To do
The following data has a line with "X81185001Y-86773001D02*" and a line with "X80651997Y-92042999D01*". Write out exactly those lines and all the lines between them.

______________________________

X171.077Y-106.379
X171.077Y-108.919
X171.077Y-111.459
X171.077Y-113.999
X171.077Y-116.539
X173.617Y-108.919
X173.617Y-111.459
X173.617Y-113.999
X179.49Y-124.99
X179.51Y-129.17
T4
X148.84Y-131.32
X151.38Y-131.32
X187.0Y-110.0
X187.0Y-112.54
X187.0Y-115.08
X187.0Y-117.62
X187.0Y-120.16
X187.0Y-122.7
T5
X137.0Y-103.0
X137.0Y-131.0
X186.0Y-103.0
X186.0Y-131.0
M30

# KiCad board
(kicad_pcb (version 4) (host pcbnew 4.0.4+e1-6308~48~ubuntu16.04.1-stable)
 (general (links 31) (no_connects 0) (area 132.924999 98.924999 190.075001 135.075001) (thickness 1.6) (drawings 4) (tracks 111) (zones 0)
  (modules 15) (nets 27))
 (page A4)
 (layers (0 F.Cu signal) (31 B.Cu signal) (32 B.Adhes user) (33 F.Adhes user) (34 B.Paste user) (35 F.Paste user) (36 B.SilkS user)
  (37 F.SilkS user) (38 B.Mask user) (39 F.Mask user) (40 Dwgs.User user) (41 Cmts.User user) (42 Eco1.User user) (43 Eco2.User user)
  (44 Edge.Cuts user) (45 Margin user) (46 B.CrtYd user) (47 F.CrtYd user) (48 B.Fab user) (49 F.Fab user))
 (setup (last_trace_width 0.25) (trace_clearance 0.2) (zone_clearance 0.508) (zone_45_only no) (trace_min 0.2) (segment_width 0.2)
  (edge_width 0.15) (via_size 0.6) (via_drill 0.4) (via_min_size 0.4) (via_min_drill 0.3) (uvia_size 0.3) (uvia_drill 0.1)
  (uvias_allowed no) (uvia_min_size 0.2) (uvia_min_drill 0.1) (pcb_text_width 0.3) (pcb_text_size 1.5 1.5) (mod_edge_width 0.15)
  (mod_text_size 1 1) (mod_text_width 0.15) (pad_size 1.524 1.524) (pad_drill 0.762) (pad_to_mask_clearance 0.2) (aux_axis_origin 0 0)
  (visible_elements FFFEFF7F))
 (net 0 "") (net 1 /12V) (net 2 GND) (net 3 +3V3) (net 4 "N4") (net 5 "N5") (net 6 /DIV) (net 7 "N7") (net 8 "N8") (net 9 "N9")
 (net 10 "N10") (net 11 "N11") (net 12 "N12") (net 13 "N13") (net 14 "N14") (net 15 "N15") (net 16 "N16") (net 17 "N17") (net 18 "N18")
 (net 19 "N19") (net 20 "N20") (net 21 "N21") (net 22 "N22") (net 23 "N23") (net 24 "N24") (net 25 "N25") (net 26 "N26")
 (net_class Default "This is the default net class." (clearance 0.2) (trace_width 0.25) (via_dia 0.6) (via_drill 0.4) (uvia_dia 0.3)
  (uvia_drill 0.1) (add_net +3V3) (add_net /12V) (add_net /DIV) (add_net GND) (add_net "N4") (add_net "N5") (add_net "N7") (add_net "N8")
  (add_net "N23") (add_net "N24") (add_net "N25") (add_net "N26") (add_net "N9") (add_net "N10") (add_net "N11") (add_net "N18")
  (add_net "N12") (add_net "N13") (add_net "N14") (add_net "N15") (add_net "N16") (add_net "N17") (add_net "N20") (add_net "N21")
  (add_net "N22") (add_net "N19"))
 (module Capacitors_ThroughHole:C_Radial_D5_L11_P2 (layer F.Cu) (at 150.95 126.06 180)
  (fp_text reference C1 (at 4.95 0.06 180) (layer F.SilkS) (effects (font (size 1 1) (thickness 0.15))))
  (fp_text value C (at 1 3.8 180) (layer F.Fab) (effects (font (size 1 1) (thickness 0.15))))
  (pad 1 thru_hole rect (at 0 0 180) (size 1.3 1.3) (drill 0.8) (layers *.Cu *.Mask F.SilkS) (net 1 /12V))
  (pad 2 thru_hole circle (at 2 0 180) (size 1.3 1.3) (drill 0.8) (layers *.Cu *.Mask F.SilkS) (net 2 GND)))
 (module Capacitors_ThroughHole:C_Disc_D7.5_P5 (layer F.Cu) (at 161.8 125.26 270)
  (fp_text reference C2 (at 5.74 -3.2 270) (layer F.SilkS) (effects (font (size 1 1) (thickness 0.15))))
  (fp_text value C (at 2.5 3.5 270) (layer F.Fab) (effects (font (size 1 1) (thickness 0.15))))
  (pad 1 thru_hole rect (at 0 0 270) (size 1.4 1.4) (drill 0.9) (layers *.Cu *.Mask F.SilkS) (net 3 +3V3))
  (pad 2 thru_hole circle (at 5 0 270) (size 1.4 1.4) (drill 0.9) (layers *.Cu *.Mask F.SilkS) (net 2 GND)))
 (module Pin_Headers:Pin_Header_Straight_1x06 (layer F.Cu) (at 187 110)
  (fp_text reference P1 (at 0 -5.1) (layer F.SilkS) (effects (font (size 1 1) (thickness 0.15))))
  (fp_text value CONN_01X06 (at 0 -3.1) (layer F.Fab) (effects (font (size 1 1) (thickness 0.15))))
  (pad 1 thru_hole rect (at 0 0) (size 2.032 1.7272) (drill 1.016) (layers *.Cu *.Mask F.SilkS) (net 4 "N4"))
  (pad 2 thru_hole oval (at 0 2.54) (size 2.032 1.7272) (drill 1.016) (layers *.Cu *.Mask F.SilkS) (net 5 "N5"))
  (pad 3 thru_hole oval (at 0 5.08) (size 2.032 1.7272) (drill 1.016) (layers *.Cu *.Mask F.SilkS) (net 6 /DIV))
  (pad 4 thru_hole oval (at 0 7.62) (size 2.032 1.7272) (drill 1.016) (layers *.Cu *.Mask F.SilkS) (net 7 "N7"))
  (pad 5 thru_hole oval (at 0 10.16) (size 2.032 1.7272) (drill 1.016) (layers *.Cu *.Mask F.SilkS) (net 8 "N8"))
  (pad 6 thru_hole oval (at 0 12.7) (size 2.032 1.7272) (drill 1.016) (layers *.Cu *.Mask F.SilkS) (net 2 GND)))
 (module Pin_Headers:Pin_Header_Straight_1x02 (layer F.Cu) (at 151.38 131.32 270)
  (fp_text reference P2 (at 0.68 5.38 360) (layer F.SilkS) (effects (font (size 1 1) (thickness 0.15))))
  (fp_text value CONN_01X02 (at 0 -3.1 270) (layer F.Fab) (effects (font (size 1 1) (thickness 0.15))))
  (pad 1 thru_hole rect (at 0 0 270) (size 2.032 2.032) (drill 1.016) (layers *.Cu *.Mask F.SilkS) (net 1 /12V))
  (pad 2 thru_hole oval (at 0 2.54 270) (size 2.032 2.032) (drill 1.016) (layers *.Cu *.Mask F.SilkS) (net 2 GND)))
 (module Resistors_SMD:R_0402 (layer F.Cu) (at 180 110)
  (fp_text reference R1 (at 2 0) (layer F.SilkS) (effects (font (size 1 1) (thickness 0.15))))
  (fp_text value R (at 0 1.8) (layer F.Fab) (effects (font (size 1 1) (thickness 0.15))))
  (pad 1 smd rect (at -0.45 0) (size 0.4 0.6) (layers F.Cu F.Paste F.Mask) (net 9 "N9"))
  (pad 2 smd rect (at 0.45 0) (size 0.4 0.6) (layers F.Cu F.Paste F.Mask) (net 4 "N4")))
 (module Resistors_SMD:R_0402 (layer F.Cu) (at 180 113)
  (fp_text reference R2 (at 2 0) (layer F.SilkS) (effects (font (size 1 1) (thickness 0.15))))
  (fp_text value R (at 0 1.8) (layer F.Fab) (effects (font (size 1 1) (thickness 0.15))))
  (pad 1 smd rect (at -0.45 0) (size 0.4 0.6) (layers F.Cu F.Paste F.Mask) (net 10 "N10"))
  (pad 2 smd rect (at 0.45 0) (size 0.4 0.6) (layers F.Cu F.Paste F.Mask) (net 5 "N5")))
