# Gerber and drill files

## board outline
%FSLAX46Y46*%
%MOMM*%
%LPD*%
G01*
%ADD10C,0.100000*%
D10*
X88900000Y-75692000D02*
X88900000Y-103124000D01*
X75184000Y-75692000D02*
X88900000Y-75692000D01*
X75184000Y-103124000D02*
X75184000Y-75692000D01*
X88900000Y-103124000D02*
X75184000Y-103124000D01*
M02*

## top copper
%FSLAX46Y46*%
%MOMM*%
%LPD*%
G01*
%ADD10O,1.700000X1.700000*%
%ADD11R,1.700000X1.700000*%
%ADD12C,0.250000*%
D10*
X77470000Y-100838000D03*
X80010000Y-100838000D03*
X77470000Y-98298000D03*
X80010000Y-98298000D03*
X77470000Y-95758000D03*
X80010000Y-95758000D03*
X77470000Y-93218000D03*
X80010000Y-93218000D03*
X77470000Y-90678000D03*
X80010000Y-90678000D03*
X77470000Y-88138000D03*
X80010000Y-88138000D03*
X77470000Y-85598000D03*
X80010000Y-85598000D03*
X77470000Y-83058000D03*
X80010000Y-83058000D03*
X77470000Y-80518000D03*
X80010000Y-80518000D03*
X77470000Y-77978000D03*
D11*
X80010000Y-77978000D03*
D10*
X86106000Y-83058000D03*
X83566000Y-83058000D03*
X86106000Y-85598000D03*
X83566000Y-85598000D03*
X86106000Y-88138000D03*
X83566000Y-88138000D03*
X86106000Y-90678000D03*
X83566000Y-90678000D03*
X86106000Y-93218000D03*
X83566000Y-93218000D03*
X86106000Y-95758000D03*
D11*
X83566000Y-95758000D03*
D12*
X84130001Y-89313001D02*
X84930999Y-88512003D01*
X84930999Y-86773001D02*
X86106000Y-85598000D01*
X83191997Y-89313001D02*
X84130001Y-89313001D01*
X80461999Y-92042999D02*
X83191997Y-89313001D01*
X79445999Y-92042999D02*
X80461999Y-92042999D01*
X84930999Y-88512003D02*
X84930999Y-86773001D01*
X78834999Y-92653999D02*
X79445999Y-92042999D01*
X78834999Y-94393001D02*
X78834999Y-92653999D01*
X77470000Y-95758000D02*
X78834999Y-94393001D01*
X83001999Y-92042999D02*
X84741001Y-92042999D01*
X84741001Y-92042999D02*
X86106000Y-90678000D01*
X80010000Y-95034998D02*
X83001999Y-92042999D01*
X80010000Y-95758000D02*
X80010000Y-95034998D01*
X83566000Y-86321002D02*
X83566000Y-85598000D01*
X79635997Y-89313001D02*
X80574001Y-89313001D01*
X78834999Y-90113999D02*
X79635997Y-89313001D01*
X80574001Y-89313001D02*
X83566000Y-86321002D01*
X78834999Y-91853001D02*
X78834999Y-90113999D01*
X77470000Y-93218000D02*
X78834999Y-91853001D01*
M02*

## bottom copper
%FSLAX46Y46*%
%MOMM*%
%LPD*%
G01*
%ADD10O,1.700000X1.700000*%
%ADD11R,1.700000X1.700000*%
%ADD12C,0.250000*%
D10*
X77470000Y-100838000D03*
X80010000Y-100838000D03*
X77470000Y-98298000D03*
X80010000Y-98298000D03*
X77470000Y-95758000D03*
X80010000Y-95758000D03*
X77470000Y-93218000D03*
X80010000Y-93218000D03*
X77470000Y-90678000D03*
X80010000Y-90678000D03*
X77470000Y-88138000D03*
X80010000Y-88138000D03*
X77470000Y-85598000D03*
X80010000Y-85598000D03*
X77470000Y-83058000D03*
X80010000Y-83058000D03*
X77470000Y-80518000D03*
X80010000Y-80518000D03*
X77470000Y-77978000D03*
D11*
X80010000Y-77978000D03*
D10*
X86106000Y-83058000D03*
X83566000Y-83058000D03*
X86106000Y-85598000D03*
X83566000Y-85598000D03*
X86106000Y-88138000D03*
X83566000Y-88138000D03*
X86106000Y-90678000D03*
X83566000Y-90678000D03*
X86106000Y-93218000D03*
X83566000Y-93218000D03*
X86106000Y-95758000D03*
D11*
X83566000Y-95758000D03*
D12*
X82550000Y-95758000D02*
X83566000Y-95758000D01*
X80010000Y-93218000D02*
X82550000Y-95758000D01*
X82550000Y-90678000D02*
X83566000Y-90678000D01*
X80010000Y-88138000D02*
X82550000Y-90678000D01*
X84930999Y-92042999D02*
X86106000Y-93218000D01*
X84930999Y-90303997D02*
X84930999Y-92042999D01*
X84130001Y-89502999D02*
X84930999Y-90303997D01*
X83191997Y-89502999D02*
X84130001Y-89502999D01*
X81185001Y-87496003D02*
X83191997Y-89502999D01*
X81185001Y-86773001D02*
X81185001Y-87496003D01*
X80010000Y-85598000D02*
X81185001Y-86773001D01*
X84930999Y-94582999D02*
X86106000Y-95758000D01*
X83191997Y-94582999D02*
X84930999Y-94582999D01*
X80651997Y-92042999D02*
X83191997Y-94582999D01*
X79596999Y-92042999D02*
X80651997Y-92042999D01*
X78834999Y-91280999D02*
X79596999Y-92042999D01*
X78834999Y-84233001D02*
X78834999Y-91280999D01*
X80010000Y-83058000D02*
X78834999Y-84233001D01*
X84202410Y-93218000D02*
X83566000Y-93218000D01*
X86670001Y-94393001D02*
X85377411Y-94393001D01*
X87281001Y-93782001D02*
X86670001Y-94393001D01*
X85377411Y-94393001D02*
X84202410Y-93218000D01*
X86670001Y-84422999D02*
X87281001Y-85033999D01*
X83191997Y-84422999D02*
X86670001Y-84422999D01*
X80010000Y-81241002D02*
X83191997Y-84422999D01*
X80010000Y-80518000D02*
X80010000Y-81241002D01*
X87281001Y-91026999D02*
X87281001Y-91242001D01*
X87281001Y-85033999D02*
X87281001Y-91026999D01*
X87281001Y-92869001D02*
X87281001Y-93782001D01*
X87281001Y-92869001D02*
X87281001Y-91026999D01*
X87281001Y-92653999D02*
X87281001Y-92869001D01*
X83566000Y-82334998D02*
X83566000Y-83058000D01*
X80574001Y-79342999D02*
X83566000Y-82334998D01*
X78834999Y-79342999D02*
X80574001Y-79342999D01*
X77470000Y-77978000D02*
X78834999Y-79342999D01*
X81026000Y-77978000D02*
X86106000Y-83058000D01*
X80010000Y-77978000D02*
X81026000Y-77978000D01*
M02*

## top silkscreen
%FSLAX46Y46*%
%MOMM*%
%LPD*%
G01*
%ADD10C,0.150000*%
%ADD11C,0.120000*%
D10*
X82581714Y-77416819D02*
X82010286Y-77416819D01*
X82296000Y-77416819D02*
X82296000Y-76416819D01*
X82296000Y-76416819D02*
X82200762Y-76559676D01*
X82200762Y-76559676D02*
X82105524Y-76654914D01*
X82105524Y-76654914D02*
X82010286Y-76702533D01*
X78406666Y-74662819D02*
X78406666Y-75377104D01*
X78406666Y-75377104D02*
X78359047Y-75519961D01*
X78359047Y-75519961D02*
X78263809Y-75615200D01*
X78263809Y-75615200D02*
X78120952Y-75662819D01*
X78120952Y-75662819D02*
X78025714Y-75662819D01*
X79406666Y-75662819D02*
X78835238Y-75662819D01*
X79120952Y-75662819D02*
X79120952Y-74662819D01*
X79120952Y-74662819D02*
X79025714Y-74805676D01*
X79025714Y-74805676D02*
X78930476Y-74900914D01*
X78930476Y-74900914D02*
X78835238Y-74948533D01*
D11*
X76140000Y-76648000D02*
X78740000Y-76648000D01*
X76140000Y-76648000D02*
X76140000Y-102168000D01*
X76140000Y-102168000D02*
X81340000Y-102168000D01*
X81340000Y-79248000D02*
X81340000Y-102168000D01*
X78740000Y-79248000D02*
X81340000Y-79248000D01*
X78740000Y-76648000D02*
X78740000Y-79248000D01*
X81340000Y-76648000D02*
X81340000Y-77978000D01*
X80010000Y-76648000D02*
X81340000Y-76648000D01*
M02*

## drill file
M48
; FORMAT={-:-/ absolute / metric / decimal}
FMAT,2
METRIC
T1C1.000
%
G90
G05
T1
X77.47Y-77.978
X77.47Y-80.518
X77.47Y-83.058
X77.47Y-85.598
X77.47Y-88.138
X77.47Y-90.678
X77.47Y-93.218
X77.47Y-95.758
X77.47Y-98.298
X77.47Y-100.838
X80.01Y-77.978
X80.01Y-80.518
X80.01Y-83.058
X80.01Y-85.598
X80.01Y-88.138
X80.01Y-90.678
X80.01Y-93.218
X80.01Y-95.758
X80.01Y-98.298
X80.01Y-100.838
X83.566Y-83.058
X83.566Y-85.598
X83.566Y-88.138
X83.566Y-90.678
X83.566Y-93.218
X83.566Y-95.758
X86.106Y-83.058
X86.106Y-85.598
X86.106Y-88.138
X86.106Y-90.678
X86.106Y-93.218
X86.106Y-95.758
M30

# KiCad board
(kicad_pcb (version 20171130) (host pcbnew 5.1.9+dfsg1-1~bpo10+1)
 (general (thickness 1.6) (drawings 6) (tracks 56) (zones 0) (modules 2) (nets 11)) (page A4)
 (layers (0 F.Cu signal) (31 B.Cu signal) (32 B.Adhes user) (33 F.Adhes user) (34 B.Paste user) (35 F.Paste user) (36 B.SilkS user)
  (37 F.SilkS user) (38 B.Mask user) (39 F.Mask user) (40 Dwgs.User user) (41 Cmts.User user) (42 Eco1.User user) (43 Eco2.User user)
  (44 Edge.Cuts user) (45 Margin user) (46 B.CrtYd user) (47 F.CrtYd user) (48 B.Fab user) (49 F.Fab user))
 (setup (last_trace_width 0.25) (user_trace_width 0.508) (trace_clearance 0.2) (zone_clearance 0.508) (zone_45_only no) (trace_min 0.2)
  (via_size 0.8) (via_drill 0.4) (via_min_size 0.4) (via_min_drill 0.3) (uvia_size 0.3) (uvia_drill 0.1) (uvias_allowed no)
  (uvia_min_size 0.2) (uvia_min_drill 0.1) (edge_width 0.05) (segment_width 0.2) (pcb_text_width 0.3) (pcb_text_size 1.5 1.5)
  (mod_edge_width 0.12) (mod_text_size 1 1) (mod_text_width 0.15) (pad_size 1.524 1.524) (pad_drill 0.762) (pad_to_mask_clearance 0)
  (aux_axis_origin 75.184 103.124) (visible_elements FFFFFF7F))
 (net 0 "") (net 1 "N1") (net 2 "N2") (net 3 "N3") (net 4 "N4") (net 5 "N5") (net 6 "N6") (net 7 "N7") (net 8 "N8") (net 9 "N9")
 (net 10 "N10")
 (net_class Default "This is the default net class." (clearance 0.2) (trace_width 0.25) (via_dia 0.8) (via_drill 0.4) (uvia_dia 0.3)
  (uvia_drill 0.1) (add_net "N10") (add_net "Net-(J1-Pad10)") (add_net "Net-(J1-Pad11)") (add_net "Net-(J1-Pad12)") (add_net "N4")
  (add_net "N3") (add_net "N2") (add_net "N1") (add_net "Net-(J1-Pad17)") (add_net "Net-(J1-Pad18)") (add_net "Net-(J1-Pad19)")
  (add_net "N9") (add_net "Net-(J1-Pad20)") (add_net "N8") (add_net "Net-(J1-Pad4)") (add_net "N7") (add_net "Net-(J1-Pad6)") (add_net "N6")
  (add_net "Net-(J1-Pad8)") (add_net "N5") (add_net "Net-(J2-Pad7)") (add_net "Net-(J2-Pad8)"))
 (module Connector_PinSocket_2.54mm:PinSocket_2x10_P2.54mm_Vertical (layer F.Cu) (at 80.01 77.978)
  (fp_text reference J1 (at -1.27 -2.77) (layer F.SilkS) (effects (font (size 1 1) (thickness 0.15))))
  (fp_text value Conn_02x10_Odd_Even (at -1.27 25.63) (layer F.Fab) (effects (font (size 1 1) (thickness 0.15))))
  (fp_line (start -3.87 -1.33) (end -1.27 -1.33) (layer F.SilkS) (width 0.12))
  (fp_line (start -3.87 -1.33) (end -3.87 24.19) (layer F.SilkS) (width 0.12))
  (fp_line (start -3.87 24.19) (end 1.33 24.19) (layer F.SilkS) (width 0.12))
  (fp_line (start 1.33 1.27) (end 1.33 24.19) (layer F.SilkS) (width 0.12))
  (fp_line (start -1.27 1.27) (end 1.33 1.27) (layer F.SilkS) (width 0.12))
  (fp_line (start -1.27 -1.33) (end -1.27 1.27) (layer F.SilkS) (width 0.12))
  (fp_line (start 1.33 -1.33) (end 1.33 0) (layer F.SilkS) (width 0.12))
  (fp_line (start 0 -1.33) (end 1.33 -1.33) (layer F.SilkS) (width 0.12))
  (pad 20 thru_hole oval (at -2.54 22.86) (size 1.7 1.7) (drill 1) (layers *.Cu *.Mask))
  (pad 19 thru_hole oval (at 0 22.86) (size 1.7 1.7) (drill 1) (layers *.Cu *.Mask))
  (pad 18 thru_hole oval (at -2.54 20.32) (size 1.7 1.7) (drill 1) (layers *.Cu *.Mask))
  (pad 17 thru_hole oval (at 0 20.32) (size 1.7 1.7) (drill 1) (layers *.Cu *.Mask))
  (pad 16 thru_hole oval (at -2.54 17.78) (size 1.7 1.7) (drill 1) (layers *.Cu *.Mask) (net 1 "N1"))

______________________________

Final answer
X81185001Y-86773001D02*
X81185001Y-87496003D01*
X80010000Y-85598000D02*
X81185001Y-86773001D01*
X84930999Y-94582999D02*
X86106000Y-95758000D01*
X83191997Y-94582999D02*
X84930999Y-94582999D01*
X80651997Y-92042999D02*
X83191997Y-94582999D01*
X79596999Y-92042999D02*
X80651997Y-92042999D01*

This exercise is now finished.